404 error at download attempt
andybega opened this issue · 5 comments
First thank you for developing the icews package. I am trying to use the minimalist functionality and running into an error.
This error occurs for both the update_icews() and download_data() functions when dryrun is set to False. My setup has use_db = F and keep_files =T.update_icews(dryrun = F) Downloading 'events.1995.20150313082510.tab.zip' Error in get_file(file_ref, get_doi()[[repo]]) : Not Found (HTTP 404).
I am hoping this is a common error and an answer is ready available. Thanks for your help.
This is a simpler example:
This should download one of the documentation PDFs:
library("icews")
#> Options not set, consider running 'setup_icews()'
#> data_dir: NULL
#> use_db: NULL
#> keep_files: NULL
dataverse::get_file(2711073, dataset = get_doi()$historic)
#> Error in dataverse::get_file(2711073, dataset = get_doi()$historic): Not Found (HTTP 404).
Created on 2020-01-06 by the reprex package (v0.3.0)
Looks like the problem is with either the R dataverse client or the dataverse API itself. The direct URL for the PDF file above is https://dataverse.harvard.edu/api/access/datafile/2711073, and it works.
However, in dataverse::get_file()
, a query parameter for the desired format is set to "original" by default, leading to the URL https://dataverse.harvard.edu/api/access/datafile/2711073/?format=original. That breaks and leads to the 404 error.
This is the essential bit from the dataverse::get_file()
internals:
library("dataverse")
library("httr")
key <- Sys.getenv("DATAVERSE_KEY")
u <- "https://dataverse.harvard.edu/api/access/datafile/2711073"
query <- list(format = "original")
r <- httr::GET(u, httr::add_headers(`X-Dataverse-key` = key))
# works
status_code(r)
#> [1] 200
# with format argument it does not work
r <- httr::GET(u, httr::add_headers(`X-Dataverse-key` = key), query = query)
status_code(r)
#> [1] 404
Created on 2020-01-06 by the reprex package (v0.3.0)
This looks like a relevant issue in the R dataverse client repo: IQSS/dataverse-client-r#33
Hi, I have the same issue.
Also note that in the dry run there is no file for the past 6 months or so (last one is 20190625); maybe it's related:
Download '20190622-icews-events.zip'
Ingest records from '20190622-icews-events.tab'
Download '20190623-icews-events.zip'
Ingest records from '20190623-icews-events.tab'
Download '20190624-icews-events.zip'
Ingest records from '20190624-icews-events.tab'
Download '20190625-icews-events.zip'
Ingest records from '20190625-icews-events.tab'
> # Should list proposed downloads, ingests, etc.

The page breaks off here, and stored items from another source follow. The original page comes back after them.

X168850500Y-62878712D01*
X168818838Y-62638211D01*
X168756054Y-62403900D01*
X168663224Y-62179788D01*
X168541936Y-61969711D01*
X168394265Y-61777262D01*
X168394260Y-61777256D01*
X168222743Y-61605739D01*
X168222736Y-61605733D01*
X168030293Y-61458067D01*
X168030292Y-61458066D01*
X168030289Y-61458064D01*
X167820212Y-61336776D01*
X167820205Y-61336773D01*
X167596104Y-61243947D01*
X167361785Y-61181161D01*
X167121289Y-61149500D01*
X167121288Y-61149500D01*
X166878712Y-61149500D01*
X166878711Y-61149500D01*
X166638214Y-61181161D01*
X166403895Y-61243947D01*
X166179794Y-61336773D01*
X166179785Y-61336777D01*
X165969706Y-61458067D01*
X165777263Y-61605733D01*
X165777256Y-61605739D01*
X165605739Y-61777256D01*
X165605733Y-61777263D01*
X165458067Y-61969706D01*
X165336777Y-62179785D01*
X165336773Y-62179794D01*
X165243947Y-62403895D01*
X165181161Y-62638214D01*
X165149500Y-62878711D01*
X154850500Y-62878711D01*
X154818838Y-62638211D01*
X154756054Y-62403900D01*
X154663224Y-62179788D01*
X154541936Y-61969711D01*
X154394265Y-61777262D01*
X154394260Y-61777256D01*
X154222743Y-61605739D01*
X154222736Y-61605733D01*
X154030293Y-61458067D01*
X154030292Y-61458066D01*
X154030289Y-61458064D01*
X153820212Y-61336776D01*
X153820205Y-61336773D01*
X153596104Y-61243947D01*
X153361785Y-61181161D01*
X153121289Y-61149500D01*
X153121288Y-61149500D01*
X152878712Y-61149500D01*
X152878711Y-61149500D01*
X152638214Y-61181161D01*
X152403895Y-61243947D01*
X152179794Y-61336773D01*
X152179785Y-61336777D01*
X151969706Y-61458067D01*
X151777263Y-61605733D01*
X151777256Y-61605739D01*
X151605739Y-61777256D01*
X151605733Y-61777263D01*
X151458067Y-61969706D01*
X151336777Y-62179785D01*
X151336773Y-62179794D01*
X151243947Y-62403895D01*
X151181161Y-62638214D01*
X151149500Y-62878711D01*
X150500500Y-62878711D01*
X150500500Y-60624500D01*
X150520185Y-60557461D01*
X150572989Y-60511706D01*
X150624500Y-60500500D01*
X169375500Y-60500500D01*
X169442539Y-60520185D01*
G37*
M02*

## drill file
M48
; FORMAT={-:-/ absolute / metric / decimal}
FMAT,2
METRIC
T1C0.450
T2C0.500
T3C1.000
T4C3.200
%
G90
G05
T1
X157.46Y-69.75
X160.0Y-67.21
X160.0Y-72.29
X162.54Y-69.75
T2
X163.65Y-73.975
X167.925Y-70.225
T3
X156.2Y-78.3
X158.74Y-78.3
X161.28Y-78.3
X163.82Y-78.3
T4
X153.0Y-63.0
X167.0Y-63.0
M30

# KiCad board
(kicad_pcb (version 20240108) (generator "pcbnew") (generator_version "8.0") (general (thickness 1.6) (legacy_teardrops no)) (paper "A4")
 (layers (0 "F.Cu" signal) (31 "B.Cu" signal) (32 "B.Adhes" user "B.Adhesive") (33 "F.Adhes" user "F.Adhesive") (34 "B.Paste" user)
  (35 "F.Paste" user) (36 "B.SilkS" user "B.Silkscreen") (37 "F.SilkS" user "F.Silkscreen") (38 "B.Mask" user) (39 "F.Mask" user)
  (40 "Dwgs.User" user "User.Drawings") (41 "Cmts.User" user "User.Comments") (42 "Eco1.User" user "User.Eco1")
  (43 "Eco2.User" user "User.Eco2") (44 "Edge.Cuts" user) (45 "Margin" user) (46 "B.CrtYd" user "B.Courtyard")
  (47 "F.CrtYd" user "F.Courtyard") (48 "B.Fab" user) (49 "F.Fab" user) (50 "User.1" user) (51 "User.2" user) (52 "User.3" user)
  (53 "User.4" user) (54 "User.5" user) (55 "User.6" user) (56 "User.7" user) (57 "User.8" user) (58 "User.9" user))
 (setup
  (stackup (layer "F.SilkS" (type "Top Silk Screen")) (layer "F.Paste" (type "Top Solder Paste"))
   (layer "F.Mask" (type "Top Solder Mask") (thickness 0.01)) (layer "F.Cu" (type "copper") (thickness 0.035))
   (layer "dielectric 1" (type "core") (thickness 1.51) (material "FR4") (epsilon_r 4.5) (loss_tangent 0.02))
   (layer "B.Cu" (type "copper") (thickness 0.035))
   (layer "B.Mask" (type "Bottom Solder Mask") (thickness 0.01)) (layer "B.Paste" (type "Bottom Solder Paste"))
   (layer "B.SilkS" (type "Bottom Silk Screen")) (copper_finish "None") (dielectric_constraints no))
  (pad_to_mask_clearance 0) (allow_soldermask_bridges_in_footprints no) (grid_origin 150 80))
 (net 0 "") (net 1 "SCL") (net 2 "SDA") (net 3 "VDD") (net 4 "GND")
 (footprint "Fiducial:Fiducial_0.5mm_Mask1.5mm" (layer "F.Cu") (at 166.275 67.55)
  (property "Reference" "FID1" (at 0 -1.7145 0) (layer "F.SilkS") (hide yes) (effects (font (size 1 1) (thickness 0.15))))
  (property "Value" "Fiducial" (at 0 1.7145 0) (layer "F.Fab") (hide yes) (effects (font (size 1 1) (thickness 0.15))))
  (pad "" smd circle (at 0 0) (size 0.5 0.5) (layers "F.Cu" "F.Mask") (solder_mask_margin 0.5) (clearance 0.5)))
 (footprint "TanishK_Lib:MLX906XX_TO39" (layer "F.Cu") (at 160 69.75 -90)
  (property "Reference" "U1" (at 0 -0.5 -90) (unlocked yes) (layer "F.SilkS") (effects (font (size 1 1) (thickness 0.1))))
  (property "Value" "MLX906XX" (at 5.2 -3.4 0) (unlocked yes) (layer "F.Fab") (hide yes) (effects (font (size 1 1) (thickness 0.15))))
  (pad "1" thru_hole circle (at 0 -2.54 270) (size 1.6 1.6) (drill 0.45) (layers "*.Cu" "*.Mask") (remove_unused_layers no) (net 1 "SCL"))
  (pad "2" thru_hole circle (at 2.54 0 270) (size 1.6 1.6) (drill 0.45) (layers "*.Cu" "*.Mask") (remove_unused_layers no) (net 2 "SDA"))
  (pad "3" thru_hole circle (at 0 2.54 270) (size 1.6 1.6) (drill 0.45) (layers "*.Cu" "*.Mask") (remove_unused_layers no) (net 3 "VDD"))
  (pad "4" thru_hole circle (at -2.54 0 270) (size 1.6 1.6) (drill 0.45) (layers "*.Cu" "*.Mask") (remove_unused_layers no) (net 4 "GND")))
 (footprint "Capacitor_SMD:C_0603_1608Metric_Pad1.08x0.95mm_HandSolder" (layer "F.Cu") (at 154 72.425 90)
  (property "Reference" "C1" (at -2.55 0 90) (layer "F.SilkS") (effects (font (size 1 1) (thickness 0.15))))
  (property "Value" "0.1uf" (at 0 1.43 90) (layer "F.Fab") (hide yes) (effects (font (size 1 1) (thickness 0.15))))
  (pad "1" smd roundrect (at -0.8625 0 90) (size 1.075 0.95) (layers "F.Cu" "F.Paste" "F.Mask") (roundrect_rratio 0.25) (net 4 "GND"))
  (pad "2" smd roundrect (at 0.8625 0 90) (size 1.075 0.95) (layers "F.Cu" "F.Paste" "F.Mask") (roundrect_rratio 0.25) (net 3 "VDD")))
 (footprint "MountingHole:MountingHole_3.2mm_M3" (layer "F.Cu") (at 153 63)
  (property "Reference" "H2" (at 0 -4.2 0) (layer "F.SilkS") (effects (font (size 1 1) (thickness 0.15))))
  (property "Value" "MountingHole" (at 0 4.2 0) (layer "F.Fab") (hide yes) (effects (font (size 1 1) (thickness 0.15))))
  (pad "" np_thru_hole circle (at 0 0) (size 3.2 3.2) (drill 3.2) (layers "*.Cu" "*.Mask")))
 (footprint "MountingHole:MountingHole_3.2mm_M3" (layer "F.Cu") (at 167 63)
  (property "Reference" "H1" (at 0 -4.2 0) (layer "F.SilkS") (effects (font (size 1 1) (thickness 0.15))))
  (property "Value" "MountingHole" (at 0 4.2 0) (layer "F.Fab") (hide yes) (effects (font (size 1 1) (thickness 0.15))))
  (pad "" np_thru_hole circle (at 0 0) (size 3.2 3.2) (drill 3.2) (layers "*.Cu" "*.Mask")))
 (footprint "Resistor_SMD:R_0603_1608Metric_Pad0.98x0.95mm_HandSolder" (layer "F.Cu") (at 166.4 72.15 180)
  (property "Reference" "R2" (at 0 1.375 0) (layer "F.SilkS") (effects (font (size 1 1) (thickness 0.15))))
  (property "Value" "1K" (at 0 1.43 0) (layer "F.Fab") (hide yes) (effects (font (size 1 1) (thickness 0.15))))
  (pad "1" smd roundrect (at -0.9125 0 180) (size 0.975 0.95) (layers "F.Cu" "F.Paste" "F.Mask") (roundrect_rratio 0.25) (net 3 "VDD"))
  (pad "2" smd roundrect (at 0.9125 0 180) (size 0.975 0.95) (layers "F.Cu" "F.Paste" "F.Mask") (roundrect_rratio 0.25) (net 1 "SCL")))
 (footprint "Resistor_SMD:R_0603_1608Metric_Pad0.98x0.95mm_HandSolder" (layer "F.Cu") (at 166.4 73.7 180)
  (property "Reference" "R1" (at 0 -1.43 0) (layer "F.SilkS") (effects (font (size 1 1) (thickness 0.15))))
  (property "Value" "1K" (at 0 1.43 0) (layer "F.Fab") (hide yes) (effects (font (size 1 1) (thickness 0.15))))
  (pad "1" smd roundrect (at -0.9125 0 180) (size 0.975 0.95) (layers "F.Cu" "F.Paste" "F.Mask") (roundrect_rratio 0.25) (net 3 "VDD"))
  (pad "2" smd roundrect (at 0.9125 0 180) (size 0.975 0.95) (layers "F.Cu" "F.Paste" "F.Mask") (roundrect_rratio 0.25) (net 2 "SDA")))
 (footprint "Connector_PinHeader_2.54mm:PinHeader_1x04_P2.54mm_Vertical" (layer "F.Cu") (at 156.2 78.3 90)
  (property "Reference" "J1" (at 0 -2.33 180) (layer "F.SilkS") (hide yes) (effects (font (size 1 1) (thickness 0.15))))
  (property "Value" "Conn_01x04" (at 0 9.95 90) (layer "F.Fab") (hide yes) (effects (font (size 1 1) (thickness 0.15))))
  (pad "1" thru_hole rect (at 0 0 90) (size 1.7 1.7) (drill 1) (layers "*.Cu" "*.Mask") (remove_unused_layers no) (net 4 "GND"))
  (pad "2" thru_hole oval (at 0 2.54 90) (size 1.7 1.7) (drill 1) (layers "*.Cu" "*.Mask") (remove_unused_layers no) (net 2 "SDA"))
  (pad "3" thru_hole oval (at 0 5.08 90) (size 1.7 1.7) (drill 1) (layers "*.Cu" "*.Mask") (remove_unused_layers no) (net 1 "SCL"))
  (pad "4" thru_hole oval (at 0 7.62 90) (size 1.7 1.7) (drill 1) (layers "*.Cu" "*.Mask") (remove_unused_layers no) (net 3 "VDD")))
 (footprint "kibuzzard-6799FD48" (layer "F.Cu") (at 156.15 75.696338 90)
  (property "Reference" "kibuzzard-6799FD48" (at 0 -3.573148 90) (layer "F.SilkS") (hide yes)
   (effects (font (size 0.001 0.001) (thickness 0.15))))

> update_icews(dryrun = FALSE)
Downloading 'events.1995.20150313082510.tab.zip'
Error in dataverse::get_file(file = file_ref, dataset = get_doi()[[repo]]) :
Not Found (HTTP 404).
Here is a workaround and a blueprint for a fix:
.libPaths() # make sure to remove all dataverse in all places
remove.packages("dataverse")
# restart R
devtools::install_github("IQSS/dataverse-client-r")
#Installing package into ‘/home/mk/R/x86_64-pc-linux-gnu-library/3.6’
#(as ‘lib’ is unspecified)
#* installing *source* package ‘dataverse’
library("icews")
library("DBI")
library("dplyr")
library("usethis")
print(sessionInfo())
#loaded via a namespace (and not attached):
#[...]
#[25] glue_1.3.1 dataverse_0.2.1.9001 RSQLite_2.2.0
setup_icews(data_dir = "~/temp_icews", use_db = TRUE, keep_files = TRUE,
r_profile = TRUE)
Sys.setenv("DATAVERSE_SERVER" = "dataverse.harvard.edu")
update_icews(dryrun = FALSE)
as per IQSS/dataverse-client-r#33 (comment)
Hope it helps! Cheers
Hey @mayeulk, thanks! This works for me now as well:
devtools::install_github("IQSS/dataverse-client-r")
# restart R
library("icews")
library("dataverse")
Sys.setenv("DATAVERSE_SERVER" = "dataverse.harvard.edu")
# works now
foo = dataverse::get_file(2711073, dataset = get_doi()$historic)
I will keep this issue open until dataverse is updated on CRAN.
Also note that in the dry run there is no file for the past 6 months or so (last one is 20190625); maybe it's related:
ICEWS has stopped updating. I heard they managed to regain funding but I have no idea when they will resume.